Set Index of DataFrame using Existing Column
To set the DataFrame index using existing column in Pandas, call set_index() method on this DataFrame and pass the column name as argument to this method.
In this tutorial, we will learn the syntax of DataFrame.set_index() method and how to use this method to set one of the existing columns as index for this DataFrame.
Syntax
The syntax of pandas DataFrame.set_index() method is
DataFrame.set_index(keys, drop=True, append=False, inplace=False, verify_integrity=False)
where
Parameter | Value | Description |
---|---|---|
keys | label or array-like or list of labels/arrays | This parameter can be either a single column key, a single array of the same length as the calling DataFrame, or a list containing an arbitrary combination of column keys and arrays. Here, “array” encompasses Series, Index, np.ndarray, and instances of Iterator. |
drop | bool. default value is True. | Delete columns to be used as the new index. |
append | bool. default value is False. | Whether to append columns to existing index. |
inplace | bool. default value is False. | If True, modifies the DataFrame in place (do not create a new object). |
verify_integrity | bool.default value is False. | Check the new index for duplicates. Otherwise defer the check until necessary. Setting to False will improve the performance of this method. |
Return Value
- DataFrame or
- None if inplace=True.
Examples
Existing Column as Index for DataFrame
In the following program, we take a DataFrame with three columns and a default index. We then set the index of this DataFrame with the column ‘col_0’.

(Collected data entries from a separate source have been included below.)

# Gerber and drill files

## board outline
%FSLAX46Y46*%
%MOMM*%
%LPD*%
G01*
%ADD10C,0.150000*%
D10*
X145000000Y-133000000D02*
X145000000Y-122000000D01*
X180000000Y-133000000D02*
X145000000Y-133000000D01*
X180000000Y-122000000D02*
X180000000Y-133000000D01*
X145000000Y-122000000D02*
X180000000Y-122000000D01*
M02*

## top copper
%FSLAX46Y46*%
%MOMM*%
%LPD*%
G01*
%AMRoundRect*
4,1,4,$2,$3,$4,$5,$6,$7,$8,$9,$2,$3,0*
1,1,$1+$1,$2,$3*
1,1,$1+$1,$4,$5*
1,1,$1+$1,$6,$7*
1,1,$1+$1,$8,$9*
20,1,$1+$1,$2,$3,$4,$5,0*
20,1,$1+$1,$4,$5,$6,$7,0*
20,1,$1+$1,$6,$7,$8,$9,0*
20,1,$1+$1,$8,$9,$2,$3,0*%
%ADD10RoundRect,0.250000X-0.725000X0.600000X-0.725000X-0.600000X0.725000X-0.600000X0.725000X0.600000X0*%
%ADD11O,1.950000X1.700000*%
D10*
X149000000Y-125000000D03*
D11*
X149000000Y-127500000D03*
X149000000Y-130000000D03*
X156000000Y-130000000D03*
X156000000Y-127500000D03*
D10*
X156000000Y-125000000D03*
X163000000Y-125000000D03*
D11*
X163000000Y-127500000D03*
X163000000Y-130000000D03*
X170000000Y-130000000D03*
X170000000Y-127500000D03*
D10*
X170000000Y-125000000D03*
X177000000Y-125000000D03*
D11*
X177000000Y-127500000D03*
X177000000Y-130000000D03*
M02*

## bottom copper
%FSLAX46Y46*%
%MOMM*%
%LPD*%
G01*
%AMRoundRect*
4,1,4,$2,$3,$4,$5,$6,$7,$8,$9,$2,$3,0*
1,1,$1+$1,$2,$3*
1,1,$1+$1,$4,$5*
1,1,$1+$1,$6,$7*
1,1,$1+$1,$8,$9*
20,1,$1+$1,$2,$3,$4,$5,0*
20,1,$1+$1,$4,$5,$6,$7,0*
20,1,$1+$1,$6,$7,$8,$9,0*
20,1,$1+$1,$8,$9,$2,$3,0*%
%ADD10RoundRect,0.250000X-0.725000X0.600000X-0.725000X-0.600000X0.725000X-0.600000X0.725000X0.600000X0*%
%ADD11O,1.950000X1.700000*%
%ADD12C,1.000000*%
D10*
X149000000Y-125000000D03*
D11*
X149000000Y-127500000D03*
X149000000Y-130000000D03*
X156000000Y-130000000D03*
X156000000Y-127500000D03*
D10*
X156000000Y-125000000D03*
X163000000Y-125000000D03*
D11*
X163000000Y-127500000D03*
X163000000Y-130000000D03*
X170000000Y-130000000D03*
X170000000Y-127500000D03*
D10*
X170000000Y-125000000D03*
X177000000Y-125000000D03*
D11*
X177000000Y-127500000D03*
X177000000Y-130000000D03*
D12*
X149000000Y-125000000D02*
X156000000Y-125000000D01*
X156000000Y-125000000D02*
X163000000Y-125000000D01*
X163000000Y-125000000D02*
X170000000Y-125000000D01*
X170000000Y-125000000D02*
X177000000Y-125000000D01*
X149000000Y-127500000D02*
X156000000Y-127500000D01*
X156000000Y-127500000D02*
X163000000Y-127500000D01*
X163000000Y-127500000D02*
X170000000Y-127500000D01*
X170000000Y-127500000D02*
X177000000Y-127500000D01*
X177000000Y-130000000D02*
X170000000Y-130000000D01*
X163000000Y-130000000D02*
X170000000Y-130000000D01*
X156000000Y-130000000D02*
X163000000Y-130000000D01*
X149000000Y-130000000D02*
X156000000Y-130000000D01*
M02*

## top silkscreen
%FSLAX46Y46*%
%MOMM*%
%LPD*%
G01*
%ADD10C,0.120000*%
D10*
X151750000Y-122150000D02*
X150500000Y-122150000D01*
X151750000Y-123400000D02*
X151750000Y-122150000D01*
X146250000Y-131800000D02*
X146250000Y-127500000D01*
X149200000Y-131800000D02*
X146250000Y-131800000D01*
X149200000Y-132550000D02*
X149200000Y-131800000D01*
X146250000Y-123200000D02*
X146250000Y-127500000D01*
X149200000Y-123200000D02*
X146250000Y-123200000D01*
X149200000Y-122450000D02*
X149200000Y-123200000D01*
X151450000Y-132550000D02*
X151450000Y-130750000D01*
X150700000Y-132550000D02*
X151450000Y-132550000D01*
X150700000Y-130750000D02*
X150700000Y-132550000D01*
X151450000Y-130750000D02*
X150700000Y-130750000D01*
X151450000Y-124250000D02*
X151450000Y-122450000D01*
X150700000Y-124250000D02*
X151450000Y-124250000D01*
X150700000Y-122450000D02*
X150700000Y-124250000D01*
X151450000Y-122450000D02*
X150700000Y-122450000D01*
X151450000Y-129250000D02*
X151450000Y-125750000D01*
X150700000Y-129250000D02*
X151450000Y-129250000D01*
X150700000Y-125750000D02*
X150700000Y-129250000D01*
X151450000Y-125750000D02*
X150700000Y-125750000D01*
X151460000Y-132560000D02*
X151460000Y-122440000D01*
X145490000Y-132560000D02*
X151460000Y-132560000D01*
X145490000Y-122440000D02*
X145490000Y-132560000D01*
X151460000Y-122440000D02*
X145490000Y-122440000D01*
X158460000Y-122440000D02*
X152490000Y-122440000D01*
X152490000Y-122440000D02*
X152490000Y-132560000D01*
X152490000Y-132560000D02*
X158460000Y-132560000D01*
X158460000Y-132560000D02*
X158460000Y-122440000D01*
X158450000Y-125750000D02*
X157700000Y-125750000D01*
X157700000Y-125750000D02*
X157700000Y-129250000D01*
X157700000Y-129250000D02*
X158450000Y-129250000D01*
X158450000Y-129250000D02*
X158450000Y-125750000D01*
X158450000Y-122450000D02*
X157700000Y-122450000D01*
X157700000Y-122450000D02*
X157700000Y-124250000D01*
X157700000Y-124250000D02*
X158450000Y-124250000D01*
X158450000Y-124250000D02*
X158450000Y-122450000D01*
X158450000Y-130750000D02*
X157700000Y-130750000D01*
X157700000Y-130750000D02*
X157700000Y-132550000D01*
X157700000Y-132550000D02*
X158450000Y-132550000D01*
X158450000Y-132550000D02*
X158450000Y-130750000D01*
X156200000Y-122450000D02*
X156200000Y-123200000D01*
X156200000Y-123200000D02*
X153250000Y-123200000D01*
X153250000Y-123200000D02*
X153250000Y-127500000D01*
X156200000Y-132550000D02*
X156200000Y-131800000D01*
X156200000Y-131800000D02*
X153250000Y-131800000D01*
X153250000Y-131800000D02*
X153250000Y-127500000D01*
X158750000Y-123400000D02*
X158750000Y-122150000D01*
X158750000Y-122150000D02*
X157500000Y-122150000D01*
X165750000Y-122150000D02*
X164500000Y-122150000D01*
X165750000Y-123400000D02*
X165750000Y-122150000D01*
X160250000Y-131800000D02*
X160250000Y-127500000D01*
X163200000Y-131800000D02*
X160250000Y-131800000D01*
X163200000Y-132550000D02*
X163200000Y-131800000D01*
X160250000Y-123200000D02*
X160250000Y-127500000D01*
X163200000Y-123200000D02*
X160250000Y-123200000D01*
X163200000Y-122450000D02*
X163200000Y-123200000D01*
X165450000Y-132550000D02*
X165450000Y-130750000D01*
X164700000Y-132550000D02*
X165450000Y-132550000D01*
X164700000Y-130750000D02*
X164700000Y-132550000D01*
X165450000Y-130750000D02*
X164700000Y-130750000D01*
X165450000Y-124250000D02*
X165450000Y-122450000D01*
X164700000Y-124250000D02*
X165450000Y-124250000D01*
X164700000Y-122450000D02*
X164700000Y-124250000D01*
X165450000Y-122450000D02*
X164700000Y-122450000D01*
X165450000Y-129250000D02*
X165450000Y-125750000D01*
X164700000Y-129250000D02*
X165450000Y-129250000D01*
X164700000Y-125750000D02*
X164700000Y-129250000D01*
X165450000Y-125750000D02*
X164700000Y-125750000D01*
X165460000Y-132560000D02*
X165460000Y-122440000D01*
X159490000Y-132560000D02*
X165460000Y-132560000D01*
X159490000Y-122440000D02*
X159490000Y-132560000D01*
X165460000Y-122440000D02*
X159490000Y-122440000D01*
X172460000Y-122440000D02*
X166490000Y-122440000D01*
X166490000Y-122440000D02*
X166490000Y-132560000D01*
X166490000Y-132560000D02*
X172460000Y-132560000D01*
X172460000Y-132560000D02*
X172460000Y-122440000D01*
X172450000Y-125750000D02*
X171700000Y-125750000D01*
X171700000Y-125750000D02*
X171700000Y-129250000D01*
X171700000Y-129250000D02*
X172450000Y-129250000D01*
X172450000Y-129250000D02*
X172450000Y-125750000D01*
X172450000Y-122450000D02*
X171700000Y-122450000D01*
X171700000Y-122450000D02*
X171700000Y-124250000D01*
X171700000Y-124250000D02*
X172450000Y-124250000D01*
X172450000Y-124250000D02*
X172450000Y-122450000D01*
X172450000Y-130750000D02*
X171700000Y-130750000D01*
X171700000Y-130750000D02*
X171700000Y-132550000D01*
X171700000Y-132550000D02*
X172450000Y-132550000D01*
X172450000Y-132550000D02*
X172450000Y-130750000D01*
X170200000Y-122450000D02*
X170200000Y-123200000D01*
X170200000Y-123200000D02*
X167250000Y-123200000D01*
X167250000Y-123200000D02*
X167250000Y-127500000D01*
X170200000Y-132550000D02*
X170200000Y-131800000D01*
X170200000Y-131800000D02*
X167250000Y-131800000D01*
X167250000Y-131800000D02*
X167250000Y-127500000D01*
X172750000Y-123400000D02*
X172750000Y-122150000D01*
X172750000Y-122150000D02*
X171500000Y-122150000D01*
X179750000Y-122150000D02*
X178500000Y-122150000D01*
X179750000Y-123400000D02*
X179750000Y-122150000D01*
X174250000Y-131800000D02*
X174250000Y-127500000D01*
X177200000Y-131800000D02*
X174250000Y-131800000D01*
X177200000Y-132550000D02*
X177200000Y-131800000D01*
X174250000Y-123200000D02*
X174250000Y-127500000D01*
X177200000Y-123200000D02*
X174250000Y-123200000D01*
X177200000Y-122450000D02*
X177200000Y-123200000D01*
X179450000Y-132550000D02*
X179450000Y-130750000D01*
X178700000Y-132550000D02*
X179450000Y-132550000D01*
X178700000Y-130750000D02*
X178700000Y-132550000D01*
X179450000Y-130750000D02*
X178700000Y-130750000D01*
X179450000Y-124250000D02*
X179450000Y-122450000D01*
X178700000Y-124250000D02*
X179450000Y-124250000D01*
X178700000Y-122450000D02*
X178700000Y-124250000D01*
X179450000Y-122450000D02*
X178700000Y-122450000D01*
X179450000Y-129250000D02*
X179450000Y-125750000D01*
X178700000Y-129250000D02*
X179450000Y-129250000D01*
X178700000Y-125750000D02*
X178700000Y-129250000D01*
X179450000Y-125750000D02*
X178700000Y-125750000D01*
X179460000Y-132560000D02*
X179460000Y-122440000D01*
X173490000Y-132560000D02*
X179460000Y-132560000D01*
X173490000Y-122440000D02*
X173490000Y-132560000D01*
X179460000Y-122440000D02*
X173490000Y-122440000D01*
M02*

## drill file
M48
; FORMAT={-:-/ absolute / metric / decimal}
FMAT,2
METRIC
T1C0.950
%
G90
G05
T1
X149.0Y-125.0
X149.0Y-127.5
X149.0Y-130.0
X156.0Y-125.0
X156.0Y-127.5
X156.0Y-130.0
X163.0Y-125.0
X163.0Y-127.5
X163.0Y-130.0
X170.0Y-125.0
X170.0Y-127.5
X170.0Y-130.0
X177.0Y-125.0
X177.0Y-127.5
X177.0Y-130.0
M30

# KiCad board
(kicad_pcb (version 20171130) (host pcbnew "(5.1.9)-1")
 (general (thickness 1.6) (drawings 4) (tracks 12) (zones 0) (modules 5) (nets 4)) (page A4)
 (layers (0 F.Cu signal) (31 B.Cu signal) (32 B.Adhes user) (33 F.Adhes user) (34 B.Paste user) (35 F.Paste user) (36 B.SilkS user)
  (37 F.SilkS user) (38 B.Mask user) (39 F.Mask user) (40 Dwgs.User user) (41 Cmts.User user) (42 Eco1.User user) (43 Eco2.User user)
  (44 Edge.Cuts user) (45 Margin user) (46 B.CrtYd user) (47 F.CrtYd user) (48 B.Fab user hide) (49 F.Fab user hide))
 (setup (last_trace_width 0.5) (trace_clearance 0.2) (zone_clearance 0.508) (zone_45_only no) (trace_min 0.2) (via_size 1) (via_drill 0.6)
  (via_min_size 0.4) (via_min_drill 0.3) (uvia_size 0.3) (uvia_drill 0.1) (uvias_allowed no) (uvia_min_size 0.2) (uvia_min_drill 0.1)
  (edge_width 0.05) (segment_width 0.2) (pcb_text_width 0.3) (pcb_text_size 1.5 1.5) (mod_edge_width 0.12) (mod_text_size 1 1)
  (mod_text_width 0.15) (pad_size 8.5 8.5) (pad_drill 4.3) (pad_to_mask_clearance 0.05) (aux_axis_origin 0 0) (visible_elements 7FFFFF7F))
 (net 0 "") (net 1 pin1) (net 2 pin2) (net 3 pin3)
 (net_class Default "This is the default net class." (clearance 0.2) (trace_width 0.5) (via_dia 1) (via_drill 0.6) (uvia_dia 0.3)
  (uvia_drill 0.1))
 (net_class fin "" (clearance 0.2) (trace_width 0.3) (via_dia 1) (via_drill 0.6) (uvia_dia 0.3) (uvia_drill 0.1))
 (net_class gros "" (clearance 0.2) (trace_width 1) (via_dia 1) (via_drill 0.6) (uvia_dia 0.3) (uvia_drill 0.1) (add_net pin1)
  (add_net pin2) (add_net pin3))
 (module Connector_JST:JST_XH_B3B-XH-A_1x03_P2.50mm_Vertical (layer F.Cu) (at 149 125 270)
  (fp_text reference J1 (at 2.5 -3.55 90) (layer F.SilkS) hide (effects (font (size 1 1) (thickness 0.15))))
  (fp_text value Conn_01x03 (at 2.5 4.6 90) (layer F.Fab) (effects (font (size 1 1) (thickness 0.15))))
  (fp_line (start -2.85 -2.75) (end -2.85 -1.5) (layer F.SilkS) (width 0.12))
  (fp_line (start -1.6 -2.75) (end -2.85 -2.75) (layer F.SilkS) (width 0.12))
  (fp_line (start 6.8 2.75) (end 2.5 2.75) (layer F.SilkS) (width 0.12))
  (fp_line (start 6.8 -0.2) (end 6.8 2.75) (layer F.SilkS) (width 0.12))
  (fp_line (start 7.55 -0.2) (end 6.8 -0.2) (layer F.SilkS) (width 0.12))
  (fp_line (start -1.8 2.75) (end 2.5 2.75) (layer F.SilkS) (width 0.12))
  (fp_line (start -1.8 -0.2) (end -1.8 2.75) (layer F.SilkS) (width 0.12))
  (fp_line (start -2.55 -0.2) (end -1.8 -0.2) (layer F.SilkS) (width 0.12))
  (fp_line (start 7.55 -2.45) (end 5.75 -2.45) (layer F.SilkS) (width 0.12))
  (fp_line (start 7.55 -1.7) (end 7.55 -2.45) (layer F.SilkS) (width 0.12))
  (fp_line (start 5.75 -1.7) (end 7.55 -1.7) (layer F.SilkS) (width 0.12))
  (fp_line (start 5.75 -2.45) (end 5.75 -1.7) (layer F.SilkS) (width 0.12))
  (fp_line (start -0.75 -2.45) (end -2.55 -2.45) (layer F.SilkS) (width 0.12))
  (fp_line (start -0.75 -1.7) (end -0.75 -2.45) (layer F.SilkS) (width 0.12))
  (fp_line (start -2.55 -1.7) (end -0.75 -1.7) (layer F.SilkS) (width 0.12))
  (fp_line (start -2.55 -2.45) (end -2.55 -1.7) (layer F.SilkS) (width 0.12))
  (fp_line (start 4.25 -2.45) (end 0.75 -2.45) (layer F.SilkS) (width 0.12))
  (fp_line (start 4.25 -1.7) (end 4.25 -2.45) (layer F.SilkS) (width 0.12))
  (fp_line (start 0.75 -1.7) (end 4.25 -1.7) (layer F.SilkS) (width 0.12))
  (fp_line (start 0.75 -2.45) (end 0.75 -1.7) (layer F.SilkS) (width 0.12))
  (fp_line (start 7.56 -2.46) (end -2.56 -2.46) (layer F.SilkS) (width 0.12))
  (fp_line (start 7.56 3.51) (end 7.56 -2.46) (layer F.SilkS) (width 0.12))
  (fp_line (start -2.56 3.51) (end 7.56 3.51) (layer F.SilkS) (width 0.12))
  (fp_line (start -2.56 -2.46) (end -2.56 3.51) (layer F.SilkS) (width 0.12))
  (pad 1 thru_hole roundrect (at 0 0 270) (size 1.7 1.95) (drill 0.95) (layers *.Cu *.Mask) (roundrect_rratio 0.147059) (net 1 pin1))
  (pad 2 thru_hole oval (at 2.5 0 270) (size 1.7 1.95) (drill 0.95) (layers *.Cu *.Mask) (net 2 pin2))
  (pad 3 thru_hole oval (at 5 0 270) (size 1.7 1.95) (drill 0.95) (layers *.Cu *.Mask) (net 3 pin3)))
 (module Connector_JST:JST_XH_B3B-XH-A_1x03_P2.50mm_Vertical (layer F.Cu) (at 156 125 270)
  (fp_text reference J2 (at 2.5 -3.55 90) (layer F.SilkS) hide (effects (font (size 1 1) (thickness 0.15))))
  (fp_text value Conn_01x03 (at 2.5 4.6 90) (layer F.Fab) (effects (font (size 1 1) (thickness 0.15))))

set_index() by default does not modify the original DataFrame, but returns the result as DataFrame with the new index.
Example.py
import pandas as pd
data = {'col_1': [10, 20, 30], 'col_2': [40, 50, 60]}
df = pd.DataFrame(data)
result = df.set_index('col_1')
print('Original DataFrame')
print(df)
print('\nResulting DataFrame')
print(result)
Output
Original DataFrame
col_1 col_2
0 10 40
1 20 50
2 30 60
Resulting DataFrame
col_2
col_1
10 40
20 50
30 60
Set Column as Index In-place
We can modify the original DataFrame by passing True for the parameter inplace
.
Example.py
import pandas as pd
data = {'col_1': [10, 20, 30], 'col_2': [40, 50, 60]}
df = pd.DataFrame(data)
df.set_index('col_1', inplace=True)
print(df)
Output
col_2
col_1
10 40
20 50
30 60
Set Multiple Columns as Index
We can also use multiple columns of this DataFrame to set index for this DataFrame.

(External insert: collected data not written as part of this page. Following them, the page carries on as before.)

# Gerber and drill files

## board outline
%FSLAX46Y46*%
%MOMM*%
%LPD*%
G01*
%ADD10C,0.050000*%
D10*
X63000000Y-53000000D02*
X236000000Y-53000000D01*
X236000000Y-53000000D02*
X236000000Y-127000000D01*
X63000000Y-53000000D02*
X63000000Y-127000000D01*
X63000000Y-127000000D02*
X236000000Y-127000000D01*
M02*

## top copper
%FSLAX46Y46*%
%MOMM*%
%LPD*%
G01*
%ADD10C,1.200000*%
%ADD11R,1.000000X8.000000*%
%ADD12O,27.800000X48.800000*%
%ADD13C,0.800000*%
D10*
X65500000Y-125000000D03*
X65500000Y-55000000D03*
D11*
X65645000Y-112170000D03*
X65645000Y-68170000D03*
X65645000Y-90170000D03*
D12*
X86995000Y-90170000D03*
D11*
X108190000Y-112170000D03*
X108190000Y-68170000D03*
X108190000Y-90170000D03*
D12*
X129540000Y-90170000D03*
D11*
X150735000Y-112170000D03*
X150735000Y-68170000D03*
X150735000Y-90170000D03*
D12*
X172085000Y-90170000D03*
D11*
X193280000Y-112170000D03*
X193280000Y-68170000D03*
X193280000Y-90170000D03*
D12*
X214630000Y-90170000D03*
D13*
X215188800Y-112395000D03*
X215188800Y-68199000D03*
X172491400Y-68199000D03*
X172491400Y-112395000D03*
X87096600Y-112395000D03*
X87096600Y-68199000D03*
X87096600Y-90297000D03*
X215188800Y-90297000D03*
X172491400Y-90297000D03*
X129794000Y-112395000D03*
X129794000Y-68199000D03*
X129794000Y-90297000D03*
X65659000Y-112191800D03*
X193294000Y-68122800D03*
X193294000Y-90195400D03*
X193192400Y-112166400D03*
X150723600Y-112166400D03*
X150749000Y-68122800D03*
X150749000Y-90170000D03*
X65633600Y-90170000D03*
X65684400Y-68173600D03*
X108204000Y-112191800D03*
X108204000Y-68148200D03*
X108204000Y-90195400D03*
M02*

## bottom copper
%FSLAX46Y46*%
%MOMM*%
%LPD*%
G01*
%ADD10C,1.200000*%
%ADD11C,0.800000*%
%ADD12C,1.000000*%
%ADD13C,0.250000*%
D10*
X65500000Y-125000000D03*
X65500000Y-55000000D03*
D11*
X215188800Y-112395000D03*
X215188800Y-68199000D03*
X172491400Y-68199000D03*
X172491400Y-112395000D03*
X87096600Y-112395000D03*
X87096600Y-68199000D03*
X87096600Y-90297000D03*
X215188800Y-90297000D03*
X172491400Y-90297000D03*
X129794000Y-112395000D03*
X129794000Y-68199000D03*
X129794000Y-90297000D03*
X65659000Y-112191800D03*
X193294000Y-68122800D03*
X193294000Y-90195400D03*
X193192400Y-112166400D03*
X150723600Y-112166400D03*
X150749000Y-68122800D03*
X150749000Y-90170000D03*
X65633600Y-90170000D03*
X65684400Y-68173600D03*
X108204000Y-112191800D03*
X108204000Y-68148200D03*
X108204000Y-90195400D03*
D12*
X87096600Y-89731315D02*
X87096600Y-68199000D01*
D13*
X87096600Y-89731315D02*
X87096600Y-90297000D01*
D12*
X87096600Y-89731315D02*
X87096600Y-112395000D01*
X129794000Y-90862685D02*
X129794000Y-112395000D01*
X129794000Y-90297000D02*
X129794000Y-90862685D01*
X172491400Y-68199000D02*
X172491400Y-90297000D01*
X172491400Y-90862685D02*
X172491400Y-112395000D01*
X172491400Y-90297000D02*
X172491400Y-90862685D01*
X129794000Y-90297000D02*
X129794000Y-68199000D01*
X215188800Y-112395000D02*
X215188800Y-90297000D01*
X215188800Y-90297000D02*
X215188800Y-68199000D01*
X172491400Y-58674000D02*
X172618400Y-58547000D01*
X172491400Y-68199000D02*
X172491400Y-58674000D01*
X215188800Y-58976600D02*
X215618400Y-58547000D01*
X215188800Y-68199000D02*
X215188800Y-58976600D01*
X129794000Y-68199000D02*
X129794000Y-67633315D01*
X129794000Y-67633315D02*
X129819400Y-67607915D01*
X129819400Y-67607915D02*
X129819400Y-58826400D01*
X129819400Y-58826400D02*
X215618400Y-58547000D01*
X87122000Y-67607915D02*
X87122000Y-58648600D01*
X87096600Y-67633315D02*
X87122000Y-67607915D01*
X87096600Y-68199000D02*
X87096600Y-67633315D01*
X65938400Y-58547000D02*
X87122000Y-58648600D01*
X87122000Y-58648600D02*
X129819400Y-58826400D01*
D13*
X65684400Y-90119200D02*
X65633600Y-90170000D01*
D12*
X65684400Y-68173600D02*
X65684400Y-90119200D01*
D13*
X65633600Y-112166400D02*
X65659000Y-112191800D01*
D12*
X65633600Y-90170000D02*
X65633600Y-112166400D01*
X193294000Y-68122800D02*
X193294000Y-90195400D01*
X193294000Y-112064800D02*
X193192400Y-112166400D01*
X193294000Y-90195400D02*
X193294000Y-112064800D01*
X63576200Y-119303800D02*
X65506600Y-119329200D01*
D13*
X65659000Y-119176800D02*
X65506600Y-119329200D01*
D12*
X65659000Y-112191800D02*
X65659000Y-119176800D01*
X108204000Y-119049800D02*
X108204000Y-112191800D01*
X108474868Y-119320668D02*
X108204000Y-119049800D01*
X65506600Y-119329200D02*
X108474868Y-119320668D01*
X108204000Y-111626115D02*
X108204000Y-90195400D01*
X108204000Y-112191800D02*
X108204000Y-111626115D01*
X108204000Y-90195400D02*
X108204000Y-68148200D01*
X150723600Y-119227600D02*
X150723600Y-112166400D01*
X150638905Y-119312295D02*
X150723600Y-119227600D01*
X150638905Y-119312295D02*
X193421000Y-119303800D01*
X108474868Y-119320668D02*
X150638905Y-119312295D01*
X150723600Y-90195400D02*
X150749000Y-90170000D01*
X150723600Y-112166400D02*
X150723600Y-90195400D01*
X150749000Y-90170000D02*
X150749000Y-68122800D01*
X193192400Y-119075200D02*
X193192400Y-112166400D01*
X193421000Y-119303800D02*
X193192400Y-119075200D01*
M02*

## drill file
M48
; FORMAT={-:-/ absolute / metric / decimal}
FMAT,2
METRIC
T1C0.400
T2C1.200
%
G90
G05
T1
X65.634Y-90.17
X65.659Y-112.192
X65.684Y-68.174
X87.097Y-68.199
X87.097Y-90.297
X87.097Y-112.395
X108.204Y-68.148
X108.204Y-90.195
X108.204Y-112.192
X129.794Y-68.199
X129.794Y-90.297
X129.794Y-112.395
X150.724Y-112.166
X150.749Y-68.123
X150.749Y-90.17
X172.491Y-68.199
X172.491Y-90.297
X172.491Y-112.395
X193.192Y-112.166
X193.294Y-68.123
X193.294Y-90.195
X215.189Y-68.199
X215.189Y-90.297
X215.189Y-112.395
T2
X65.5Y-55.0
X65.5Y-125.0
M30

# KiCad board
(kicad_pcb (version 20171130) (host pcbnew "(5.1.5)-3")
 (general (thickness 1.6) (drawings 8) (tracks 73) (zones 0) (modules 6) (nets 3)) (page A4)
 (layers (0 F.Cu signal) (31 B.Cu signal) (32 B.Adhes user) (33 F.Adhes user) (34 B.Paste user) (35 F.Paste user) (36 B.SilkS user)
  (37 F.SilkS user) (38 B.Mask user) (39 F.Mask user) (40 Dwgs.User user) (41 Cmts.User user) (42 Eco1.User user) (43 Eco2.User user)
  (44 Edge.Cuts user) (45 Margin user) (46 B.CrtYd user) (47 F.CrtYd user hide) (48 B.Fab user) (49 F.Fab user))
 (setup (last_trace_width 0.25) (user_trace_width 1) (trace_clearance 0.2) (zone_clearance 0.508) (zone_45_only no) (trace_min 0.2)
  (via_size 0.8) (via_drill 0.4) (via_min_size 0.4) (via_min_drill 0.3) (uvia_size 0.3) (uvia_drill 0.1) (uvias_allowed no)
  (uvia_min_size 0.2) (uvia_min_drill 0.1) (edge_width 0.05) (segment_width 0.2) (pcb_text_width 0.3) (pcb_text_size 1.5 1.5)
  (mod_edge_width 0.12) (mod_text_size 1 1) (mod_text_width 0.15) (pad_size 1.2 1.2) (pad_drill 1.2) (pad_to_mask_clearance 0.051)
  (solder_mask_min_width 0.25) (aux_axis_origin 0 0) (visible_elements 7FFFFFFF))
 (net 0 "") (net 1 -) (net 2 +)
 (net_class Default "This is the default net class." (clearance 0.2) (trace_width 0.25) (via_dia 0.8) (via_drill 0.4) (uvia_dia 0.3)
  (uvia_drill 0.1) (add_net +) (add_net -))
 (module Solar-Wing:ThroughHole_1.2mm (layer F.Cu) (at 65.5 125)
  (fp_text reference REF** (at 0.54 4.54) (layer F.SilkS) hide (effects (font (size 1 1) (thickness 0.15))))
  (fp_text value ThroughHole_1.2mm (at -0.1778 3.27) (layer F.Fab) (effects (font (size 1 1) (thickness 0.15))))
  (pad "" thru_hole circle (at 0 0) (size 1.2 1.2) (drill 1.2) (layers *.Cu *.Mask)))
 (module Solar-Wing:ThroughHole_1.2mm (layer F.Cu) (at 65.5 55)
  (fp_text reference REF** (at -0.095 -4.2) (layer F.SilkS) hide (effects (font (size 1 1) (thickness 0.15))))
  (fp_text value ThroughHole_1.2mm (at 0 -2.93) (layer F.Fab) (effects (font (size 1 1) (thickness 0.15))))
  (pad "" thru_hole circle (at 0 0) (size 1.2 1.2) (drill 1.2) (layers *.Cu *.Mask)))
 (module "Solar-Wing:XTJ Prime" (layer F.Cu) (at 86.995 90.17 90)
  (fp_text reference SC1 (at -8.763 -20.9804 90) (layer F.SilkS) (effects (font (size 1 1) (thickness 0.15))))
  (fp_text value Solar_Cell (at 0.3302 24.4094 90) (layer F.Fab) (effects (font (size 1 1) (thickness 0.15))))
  (pad 2 smd rect (at -22 -21.35 90) (size 8 1) (layers F.Cu F.Paste F.Mask) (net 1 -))
  (pad 2 smd rect (at 22 -21.35 90) (size 8 1) (layers F.Cu F.Paste F.Mask) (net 1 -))
  (pad 2 smd rect (at 0 -21.35 90) (size 8 1) (layers F.Cu F.Paste F.Mask) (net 1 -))
  (pad 1 smd oval (at 0 0 90) (size 48.8 27.8) (layers F.Cu F.Paste F.Mask) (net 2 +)))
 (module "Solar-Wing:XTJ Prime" (layer F.Cu) (at 129.54 90.17 90)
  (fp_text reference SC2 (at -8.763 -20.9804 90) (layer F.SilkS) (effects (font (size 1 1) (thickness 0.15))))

In the following program, we take a DataFrame with columns: col_1, col_2 and col_3. We use col_1 and col_2 for the index of this DataFrame.
Example.py
import pandas as pd
data = {'col_1': [10, 20, 30], 'col_2': [40, 50, 60], 'col_3': [70, 80, 90]}
df = pd.DataFrame(data)
df.set_index(['col_1', 'col_2'], inplace=True)
print(df)
Output
col_3
col_1 col_2
10 40 70
20 50 80
30 60 90
Create a MultiIndex using an Index and a column:
Append Column to Index of DataFrame
We can also append a column to the existing index of this DataFrame by passing True for append
parameter to set_index() method.
Example.py
import pandas as pd
data = {'col_1': [10, 20, 30], 'col_2': [40, 50, 60], 'col_3': [70, 80, 90]}
df = pd.DataFrame(data)
df.set_index('col_1', inplace=True, append=True)
print(df)
Output
col_2 col_3
col_1
0 10 40 70
1 20 50 80
2 30 60 90
Conclusion
In this Pandas Tutorial, we learned the syntax of DataFrame.set_index() method and how to use this method to set existing columns of this DataFrame as index.